## Your goal
Starting with the line that contains "X0Y-40000000D01*" and stopping after the line that contains "X43000000Y-32600000D01*", return each line below exactly as written, with no others.

START Available data

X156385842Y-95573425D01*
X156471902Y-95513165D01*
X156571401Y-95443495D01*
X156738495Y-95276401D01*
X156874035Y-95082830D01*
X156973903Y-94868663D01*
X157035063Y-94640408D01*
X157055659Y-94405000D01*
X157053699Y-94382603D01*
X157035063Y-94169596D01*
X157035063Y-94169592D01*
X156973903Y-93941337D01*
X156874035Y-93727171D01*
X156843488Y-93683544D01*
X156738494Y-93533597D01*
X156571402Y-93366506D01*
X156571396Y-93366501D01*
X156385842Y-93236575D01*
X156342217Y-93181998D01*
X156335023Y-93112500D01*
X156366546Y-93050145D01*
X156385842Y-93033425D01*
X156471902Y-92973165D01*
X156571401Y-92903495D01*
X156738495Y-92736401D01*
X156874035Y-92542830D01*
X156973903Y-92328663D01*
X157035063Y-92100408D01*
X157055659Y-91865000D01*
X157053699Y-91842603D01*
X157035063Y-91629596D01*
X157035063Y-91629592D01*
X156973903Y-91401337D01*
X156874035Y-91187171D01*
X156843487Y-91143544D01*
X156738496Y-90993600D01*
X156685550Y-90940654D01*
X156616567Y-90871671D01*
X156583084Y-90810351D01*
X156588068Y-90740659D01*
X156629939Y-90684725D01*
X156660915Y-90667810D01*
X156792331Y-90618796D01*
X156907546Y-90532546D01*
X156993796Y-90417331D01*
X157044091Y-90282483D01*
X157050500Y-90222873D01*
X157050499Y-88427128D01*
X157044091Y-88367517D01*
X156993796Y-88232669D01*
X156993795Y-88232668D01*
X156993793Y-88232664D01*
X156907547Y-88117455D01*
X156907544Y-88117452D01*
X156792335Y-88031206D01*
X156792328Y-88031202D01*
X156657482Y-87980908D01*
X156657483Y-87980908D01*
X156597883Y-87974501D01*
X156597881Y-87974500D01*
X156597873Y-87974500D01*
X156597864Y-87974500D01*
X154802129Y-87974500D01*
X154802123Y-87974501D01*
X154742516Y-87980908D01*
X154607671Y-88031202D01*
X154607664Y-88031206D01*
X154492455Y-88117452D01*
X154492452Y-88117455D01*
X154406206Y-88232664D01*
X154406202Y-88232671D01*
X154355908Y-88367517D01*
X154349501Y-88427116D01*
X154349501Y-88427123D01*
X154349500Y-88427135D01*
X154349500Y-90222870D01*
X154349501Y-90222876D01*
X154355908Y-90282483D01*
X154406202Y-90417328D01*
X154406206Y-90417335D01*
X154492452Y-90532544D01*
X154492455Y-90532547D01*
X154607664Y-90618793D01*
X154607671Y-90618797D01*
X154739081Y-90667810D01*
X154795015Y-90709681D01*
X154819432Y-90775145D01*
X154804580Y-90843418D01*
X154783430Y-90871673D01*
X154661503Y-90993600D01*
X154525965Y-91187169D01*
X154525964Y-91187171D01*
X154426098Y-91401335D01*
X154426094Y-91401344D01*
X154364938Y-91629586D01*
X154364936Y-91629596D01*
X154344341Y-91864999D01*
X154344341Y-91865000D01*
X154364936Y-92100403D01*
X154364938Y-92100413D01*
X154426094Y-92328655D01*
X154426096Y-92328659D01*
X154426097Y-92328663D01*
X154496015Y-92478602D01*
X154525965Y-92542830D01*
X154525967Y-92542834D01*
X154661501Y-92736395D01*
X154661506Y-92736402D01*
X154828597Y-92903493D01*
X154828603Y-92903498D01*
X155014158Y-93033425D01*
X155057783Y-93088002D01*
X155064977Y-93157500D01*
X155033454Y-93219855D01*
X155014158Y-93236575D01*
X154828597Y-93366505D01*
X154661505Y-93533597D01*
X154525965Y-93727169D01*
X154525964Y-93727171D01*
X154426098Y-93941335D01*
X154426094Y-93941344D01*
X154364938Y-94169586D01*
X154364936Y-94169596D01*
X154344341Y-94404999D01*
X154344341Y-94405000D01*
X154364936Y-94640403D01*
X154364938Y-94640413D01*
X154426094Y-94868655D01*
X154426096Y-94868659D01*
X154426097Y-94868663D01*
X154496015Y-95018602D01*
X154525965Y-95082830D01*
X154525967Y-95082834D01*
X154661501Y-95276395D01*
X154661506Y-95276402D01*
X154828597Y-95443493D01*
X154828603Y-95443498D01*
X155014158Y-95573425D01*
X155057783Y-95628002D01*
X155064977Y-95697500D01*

END Available data
START Available data

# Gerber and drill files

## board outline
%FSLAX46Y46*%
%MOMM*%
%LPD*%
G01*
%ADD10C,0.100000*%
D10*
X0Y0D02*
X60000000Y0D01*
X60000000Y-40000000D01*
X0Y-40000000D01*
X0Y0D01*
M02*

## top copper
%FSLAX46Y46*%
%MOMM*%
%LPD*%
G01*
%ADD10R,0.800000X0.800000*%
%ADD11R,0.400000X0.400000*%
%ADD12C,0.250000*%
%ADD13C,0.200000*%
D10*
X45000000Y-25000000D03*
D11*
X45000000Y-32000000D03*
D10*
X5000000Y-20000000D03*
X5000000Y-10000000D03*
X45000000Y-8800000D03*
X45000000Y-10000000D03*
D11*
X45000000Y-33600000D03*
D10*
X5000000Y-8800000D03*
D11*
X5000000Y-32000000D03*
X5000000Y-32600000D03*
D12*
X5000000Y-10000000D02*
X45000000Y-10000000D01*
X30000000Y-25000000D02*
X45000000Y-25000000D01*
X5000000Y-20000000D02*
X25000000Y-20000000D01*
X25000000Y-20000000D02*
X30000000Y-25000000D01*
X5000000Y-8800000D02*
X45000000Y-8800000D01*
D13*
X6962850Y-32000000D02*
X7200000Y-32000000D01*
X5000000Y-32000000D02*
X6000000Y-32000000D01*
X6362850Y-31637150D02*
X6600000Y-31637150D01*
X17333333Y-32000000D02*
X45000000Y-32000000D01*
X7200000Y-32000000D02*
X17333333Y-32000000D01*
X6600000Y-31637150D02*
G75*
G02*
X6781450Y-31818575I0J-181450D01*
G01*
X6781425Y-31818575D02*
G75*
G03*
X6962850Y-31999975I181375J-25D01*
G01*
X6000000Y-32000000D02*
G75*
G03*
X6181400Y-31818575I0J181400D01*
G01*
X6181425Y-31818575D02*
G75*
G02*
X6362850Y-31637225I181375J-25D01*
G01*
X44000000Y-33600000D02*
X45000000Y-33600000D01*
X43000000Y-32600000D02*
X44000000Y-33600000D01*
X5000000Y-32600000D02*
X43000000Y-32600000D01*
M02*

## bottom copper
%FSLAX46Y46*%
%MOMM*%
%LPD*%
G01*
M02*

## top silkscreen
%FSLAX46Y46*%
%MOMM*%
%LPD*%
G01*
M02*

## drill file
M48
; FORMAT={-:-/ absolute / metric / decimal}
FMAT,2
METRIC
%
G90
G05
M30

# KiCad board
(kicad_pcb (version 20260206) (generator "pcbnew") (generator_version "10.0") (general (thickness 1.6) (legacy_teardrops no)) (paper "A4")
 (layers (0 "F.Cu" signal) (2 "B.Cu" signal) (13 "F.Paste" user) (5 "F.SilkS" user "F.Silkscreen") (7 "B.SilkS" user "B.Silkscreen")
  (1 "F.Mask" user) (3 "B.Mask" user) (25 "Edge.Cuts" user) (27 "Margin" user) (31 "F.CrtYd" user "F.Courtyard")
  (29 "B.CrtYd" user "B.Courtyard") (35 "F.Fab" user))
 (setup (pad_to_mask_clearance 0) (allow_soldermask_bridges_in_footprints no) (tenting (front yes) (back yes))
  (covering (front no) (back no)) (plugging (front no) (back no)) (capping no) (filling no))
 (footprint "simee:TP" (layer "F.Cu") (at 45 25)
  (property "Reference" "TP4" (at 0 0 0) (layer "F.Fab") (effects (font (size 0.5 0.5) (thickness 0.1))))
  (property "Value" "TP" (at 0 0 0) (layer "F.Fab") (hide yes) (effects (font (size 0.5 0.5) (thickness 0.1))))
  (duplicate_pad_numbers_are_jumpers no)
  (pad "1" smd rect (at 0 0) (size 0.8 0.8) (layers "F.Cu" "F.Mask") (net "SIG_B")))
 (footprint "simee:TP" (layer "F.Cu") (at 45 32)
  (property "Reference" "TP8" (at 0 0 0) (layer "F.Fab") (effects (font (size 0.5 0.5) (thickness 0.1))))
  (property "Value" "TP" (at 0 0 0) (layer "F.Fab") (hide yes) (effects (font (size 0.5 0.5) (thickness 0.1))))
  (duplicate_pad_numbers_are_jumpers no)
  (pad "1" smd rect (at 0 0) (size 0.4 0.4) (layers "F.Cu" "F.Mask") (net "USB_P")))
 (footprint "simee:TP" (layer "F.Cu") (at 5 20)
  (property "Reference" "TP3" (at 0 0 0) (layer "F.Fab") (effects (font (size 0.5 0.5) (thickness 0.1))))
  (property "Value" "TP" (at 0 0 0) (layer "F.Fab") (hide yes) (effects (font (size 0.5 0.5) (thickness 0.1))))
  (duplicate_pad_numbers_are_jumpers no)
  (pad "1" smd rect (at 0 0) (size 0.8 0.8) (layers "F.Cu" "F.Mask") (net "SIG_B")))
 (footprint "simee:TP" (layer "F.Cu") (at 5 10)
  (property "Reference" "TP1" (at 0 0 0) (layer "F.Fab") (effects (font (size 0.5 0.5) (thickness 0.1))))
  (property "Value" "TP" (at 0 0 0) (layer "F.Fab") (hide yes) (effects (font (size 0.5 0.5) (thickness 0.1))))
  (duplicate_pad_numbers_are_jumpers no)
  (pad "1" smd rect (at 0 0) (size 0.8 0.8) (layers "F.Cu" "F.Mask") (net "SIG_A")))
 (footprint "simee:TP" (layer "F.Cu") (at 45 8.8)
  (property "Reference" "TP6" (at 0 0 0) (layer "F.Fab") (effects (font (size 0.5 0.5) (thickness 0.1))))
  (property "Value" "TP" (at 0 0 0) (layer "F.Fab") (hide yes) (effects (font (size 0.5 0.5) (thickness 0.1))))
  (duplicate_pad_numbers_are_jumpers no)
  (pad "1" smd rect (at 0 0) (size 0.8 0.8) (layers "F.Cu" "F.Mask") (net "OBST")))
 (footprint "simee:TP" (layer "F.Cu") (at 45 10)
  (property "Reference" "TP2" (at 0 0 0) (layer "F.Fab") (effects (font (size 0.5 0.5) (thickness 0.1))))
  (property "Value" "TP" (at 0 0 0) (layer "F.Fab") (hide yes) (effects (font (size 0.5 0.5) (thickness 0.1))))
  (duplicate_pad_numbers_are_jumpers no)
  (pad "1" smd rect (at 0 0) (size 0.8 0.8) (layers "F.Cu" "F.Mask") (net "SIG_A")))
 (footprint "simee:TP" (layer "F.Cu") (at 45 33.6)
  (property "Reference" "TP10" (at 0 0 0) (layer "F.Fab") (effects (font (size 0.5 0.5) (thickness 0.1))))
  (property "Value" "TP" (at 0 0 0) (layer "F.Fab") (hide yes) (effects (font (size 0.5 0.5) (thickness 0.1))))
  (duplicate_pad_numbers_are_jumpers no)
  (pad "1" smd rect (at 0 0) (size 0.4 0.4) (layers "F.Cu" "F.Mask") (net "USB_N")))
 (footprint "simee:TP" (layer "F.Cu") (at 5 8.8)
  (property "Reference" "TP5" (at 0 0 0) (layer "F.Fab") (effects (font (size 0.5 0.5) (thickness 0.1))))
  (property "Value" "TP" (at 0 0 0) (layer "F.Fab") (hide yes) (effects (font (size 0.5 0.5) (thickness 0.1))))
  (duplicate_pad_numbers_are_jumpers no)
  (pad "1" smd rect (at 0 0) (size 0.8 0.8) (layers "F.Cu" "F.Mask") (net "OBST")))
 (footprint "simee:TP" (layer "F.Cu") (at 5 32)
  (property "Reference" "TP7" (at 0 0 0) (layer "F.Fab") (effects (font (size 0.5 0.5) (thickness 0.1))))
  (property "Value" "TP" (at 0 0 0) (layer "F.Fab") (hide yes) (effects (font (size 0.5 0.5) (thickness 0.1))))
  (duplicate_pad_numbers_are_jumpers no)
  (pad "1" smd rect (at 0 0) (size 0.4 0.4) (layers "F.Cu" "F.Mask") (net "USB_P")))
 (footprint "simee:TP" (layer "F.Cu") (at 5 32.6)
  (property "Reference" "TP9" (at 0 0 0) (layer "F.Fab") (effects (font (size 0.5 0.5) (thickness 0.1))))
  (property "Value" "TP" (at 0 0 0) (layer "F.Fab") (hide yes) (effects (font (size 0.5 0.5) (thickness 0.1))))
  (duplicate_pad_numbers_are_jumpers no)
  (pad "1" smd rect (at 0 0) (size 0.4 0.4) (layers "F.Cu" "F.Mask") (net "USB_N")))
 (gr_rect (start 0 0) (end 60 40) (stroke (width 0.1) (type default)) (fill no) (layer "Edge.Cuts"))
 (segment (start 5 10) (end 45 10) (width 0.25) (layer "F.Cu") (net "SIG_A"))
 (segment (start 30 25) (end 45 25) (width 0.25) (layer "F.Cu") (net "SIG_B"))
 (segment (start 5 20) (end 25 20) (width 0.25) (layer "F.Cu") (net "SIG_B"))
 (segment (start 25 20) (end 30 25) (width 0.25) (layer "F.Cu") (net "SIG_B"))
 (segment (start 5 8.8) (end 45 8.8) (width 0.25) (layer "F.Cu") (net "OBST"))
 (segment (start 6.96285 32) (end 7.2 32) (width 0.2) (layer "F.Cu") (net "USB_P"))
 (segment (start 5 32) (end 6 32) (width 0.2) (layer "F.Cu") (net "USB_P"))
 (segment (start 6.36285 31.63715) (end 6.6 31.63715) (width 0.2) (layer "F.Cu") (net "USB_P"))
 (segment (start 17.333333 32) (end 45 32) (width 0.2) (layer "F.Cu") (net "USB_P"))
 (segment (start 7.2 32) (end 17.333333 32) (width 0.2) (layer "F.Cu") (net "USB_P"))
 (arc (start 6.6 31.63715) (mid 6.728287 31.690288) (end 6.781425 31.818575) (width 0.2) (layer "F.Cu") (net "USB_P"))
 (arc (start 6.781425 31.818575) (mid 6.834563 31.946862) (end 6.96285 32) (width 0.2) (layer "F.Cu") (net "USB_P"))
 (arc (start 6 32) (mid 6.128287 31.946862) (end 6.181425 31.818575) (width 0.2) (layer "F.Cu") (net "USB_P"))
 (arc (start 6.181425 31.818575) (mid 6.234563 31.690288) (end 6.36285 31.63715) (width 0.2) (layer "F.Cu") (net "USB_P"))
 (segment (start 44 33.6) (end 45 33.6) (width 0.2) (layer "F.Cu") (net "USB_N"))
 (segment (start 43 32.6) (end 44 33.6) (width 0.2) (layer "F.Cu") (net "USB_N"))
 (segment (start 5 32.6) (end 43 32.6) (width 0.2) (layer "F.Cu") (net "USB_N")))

END Available data

## Exercise output
X0Y-40000000D01*
X0Y0D01*
M02*

## top copper
%FSLAX46Y46*%
%MOMM*%
%LPD*%
G01*
%ADD10R,0.800000X0.800000*%
%ADD11R,0.400000X0.400000*%
%ADD12C,0.250000*%
%ADD13C,0.200000*%
D10*
X45000000Y-25000000D03*
D11*
X45000000Y-32000000D03*
D10*
X5000000Y-20000000D03*
X5000000Y-10000000D03*
X45000000Y-8800000D03*
X45000000Y-10000000D03*
D11*
X45000000Y-33600000D03*
D10*
X5000000Y-8800000D03*
D11*
X5000000Y-32000000D03*
X5000000Y-32600000D03*
D12*
X5000000Y-10000000D02*
X45000000Y-10000000D01*
X30000000Y-25000000D02*
X45000000Y-25000000D01*
X5000000Y-20000000D02*
X25000000Y-20000000D01*
X25000000Y-20000000D02*
X30000000Y-25000000D01*
X5000000Y-8800000D02*
X45000000Y-8800000D01*
D13*
X6962850Y-32000000D02*
X7200000Y-32000000D01*
X5000000Y-32000000D02*
X6000000Y-32000000D01*
X6362850Y-31637150D02*
X6600000Y-31637150D01*
X17333333Y-32000000D02*
X45000000Y-32000000D01*
X7200000Y-32000000D02*
X17333333Y-32000000D01*
X6600000Y-31637150D02*
G75*
G02*
X6781450Y-31818575I0J-181450D01*
G01*
X6781425Y-31818575D02*
G75*
G03*
X6962850Y-31999975I181375J-25D01*
G01*
X6000000Y-32000000D02*
G75*
G03*
X6181400Y-31818575I0J181400D01*
G01*
X6181425Y-31818575D02*
G75*
G02*
X6362850Y-31637225I181375J-25D01*
G01*
X44000000Y-33600000D02*
X45000000Y-33600000D01*
X43000000Y-32600000D02*
X44000000Y-33600000D01*
X5000000Y-32600000D02*
X43000000Y-32600000D01*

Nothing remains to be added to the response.